Another post for me that is simple and hopefully serves as an example for people trying to get blogging as #SQLNewBloggers.
I got a call from someone wanted to check how permissions were stored for encryption objects. I ran a quick double check for them and decided to write this short post.
Let’s say that you create a few encryption keys. In my case, I’ll use this code to create a symmetric key, an asymmetric key, and a certificate.
CREATE SYMMETRIC KEY MySalaryProtector WITH ALGORITHM = AES_256, IDENTITY_VALUE = 'Salary Protection Key', KEY_SOURCE = N'Keep this phrase a secr#t' ENCRYPTION BY PASSWORD='Us#aStrongP2ssword'; GO CREATE ASYMMETRIC KEY HRProtection WITH ALGORITHM = RSA_2048 ENCRYPTION BY PASSWORD = 'Use4SomeStr0ngP@ssword%^'; GO CREATE CERTIFICATE MySalaryCert ENCRYPTION BY PASSWORD = N'UCan!tBreakThis1' WITH SUBJECT = 'Sammamish Shipping Records', EXPIRY_DATE = '20161231'; GO
I do this, I have these objects.
Let’s now grant rights to these objects. I’ll use this code to grant CONTROL to a user.
GRANT CONTROL ON SYMMETRIC KEY::MySalaryProtector TO JoeDBA GRANT CONTROL ON ASYMMETRIC KEY::hrprotection TO JoeDBA GRANT CONTROL ON CERTIFICATE::MySalaryCert TO JoeDBA
Once I do this, I should see permissions, right? Let’s check.

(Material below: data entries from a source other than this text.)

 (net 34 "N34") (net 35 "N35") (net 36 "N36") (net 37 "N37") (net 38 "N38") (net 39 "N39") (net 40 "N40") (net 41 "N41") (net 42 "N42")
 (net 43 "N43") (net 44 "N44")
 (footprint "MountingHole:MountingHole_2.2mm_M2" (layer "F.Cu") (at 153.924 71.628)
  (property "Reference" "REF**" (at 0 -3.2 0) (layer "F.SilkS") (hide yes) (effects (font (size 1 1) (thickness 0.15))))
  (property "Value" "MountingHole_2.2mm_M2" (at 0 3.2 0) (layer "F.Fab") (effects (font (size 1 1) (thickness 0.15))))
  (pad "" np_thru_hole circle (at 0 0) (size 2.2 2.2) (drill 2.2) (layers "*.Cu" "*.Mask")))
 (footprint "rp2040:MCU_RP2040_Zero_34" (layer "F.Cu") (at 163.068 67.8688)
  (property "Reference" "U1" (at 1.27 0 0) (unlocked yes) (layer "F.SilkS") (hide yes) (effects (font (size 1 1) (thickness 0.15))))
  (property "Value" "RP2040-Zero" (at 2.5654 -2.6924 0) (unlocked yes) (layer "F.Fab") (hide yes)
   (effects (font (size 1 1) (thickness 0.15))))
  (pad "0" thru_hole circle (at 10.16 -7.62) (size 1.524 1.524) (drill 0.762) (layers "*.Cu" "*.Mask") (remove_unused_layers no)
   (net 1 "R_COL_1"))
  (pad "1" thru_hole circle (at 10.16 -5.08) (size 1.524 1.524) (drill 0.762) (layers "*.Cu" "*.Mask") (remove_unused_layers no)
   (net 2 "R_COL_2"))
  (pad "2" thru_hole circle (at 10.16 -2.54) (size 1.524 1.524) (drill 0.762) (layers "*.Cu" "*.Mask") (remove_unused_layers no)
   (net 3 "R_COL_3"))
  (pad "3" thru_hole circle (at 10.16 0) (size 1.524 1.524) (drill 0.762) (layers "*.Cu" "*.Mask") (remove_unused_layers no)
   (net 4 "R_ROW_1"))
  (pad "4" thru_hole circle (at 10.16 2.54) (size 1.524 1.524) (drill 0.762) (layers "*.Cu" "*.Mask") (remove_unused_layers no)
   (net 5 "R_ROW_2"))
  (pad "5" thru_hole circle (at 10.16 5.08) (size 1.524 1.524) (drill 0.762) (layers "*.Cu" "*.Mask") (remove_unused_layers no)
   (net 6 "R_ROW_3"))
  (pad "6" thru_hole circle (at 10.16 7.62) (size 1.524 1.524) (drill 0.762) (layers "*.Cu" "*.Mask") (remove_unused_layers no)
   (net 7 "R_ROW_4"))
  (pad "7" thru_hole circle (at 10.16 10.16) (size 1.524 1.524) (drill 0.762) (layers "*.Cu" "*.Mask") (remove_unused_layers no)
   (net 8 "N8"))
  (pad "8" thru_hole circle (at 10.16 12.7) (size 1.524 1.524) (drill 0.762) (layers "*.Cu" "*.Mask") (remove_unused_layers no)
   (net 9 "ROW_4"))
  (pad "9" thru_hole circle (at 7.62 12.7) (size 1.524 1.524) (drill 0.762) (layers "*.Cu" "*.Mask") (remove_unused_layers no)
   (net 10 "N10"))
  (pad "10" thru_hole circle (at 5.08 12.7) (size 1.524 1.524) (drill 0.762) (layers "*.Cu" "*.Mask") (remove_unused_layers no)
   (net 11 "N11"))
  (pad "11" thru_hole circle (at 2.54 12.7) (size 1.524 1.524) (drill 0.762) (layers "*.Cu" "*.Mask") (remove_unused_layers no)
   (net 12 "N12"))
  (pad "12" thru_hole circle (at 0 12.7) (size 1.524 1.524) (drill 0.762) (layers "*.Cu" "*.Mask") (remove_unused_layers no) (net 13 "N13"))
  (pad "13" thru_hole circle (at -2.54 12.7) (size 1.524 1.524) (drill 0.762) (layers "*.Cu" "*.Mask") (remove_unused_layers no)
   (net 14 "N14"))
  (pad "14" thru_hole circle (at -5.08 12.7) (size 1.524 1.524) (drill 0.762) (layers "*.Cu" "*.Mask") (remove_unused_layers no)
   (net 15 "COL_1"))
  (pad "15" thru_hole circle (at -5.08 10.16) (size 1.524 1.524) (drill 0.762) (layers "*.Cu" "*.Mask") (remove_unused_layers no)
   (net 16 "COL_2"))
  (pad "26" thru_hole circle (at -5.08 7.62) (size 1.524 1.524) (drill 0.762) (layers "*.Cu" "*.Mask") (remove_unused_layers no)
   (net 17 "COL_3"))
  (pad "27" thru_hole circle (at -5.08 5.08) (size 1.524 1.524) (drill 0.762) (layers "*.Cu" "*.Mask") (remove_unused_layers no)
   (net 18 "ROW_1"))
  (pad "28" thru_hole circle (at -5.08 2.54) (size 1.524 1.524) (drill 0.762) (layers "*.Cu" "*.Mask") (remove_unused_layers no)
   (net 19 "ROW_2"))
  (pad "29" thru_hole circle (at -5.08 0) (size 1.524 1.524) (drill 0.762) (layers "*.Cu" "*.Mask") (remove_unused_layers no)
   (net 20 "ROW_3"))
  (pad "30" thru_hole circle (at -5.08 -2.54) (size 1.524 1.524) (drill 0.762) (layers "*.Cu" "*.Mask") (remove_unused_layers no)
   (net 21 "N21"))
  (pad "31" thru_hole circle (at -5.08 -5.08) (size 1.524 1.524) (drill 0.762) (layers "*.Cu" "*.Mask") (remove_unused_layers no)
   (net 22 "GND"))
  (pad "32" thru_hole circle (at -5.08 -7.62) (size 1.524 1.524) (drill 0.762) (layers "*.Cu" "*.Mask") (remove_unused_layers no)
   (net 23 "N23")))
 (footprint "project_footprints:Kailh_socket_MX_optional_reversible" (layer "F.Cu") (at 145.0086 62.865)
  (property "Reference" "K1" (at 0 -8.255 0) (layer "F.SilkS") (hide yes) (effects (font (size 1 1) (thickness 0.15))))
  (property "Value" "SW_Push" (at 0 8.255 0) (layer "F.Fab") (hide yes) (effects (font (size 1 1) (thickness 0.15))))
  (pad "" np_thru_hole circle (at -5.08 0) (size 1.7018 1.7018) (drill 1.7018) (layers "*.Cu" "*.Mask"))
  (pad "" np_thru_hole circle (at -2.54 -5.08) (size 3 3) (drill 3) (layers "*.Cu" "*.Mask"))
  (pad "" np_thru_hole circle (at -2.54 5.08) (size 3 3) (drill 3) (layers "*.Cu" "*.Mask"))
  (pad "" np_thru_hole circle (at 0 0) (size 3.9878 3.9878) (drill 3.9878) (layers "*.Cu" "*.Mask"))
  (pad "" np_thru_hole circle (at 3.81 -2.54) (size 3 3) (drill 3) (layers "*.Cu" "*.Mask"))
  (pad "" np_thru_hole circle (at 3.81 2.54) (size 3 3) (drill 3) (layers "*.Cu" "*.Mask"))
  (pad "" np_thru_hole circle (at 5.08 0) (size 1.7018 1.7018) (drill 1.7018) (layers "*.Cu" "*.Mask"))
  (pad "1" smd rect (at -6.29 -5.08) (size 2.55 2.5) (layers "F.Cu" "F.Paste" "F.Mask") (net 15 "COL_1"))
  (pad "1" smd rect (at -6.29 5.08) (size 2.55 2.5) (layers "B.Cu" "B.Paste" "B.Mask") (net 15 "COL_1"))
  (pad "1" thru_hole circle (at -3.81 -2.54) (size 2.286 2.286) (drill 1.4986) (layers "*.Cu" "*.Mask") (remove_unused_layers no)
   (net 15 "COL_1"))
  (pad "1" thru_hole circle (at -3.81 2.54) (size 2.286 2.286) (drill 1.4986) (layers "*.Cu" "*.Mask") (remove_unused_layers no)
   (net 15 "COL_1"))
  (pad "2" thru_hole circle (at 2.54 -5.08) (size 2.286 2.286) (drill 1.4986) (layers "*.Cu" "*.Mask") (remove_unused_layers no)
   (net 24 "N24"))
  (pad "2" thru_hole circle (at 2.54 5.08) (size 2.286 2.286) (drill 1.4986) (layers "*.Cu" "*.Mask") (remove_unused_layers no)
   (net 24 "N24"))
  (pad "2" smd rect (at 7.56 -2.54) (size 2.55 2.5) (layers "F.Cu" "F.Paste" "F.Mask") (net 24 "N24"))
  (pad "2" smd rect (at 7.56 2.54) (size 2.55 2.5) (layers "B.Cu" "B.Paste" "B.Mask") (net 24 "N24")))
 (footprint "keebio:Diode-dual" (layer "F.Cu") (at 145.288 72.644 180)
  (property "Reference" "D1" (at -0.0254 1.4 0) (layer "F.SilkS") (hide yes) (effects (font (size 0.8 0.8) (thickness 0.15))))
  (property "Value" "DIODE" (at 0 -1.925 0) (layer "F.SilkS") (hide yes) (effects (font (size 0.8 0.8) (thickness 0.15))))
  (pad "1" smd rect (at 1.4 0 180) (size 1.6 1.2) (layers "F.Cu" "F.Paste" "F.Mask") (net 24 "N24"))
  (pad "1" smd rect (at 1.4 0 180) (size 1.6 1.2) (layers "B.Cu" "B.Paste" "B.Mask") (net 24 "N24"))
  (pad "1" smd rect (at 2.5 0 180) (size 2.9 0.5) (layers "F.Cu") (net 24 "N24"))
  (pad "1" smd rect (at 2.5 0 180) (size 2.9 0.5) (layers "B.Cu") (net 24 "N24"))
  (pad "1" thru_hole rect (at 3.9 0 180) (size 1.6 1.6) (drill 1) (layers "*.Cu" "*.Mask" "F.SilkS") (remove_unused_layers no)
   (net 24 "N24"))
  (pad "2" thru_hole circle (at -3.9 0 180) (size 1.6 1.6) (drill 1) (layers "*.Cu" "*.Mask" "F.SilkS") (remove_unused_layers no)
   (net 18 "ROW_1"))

I don’t see any permissions in the dialog above. That’s not exactly what I’d want to see. After all, if I’m trying to determine why a user can’t access a certificate, I’d want to know if they had rights here.
Instead of this, I need to use T-SQL, and check for specific classes in sys.database_permissions. Here’s the query looking for class 24 (symmetric keys), 25 (certificates) and 26 (asymmetric keys).
You can see that I have permissions in here, and if I check the principal_id, I’ll find these are for my user. I could also join to database_principals and get specific information for my user.
This took a bit longer as someone asked me a question and I didn’t know the answer. I had to dig and read some documentation, but I found some answers and documented things myself.
Learned something, showed it, and hopefully will remember it from now on.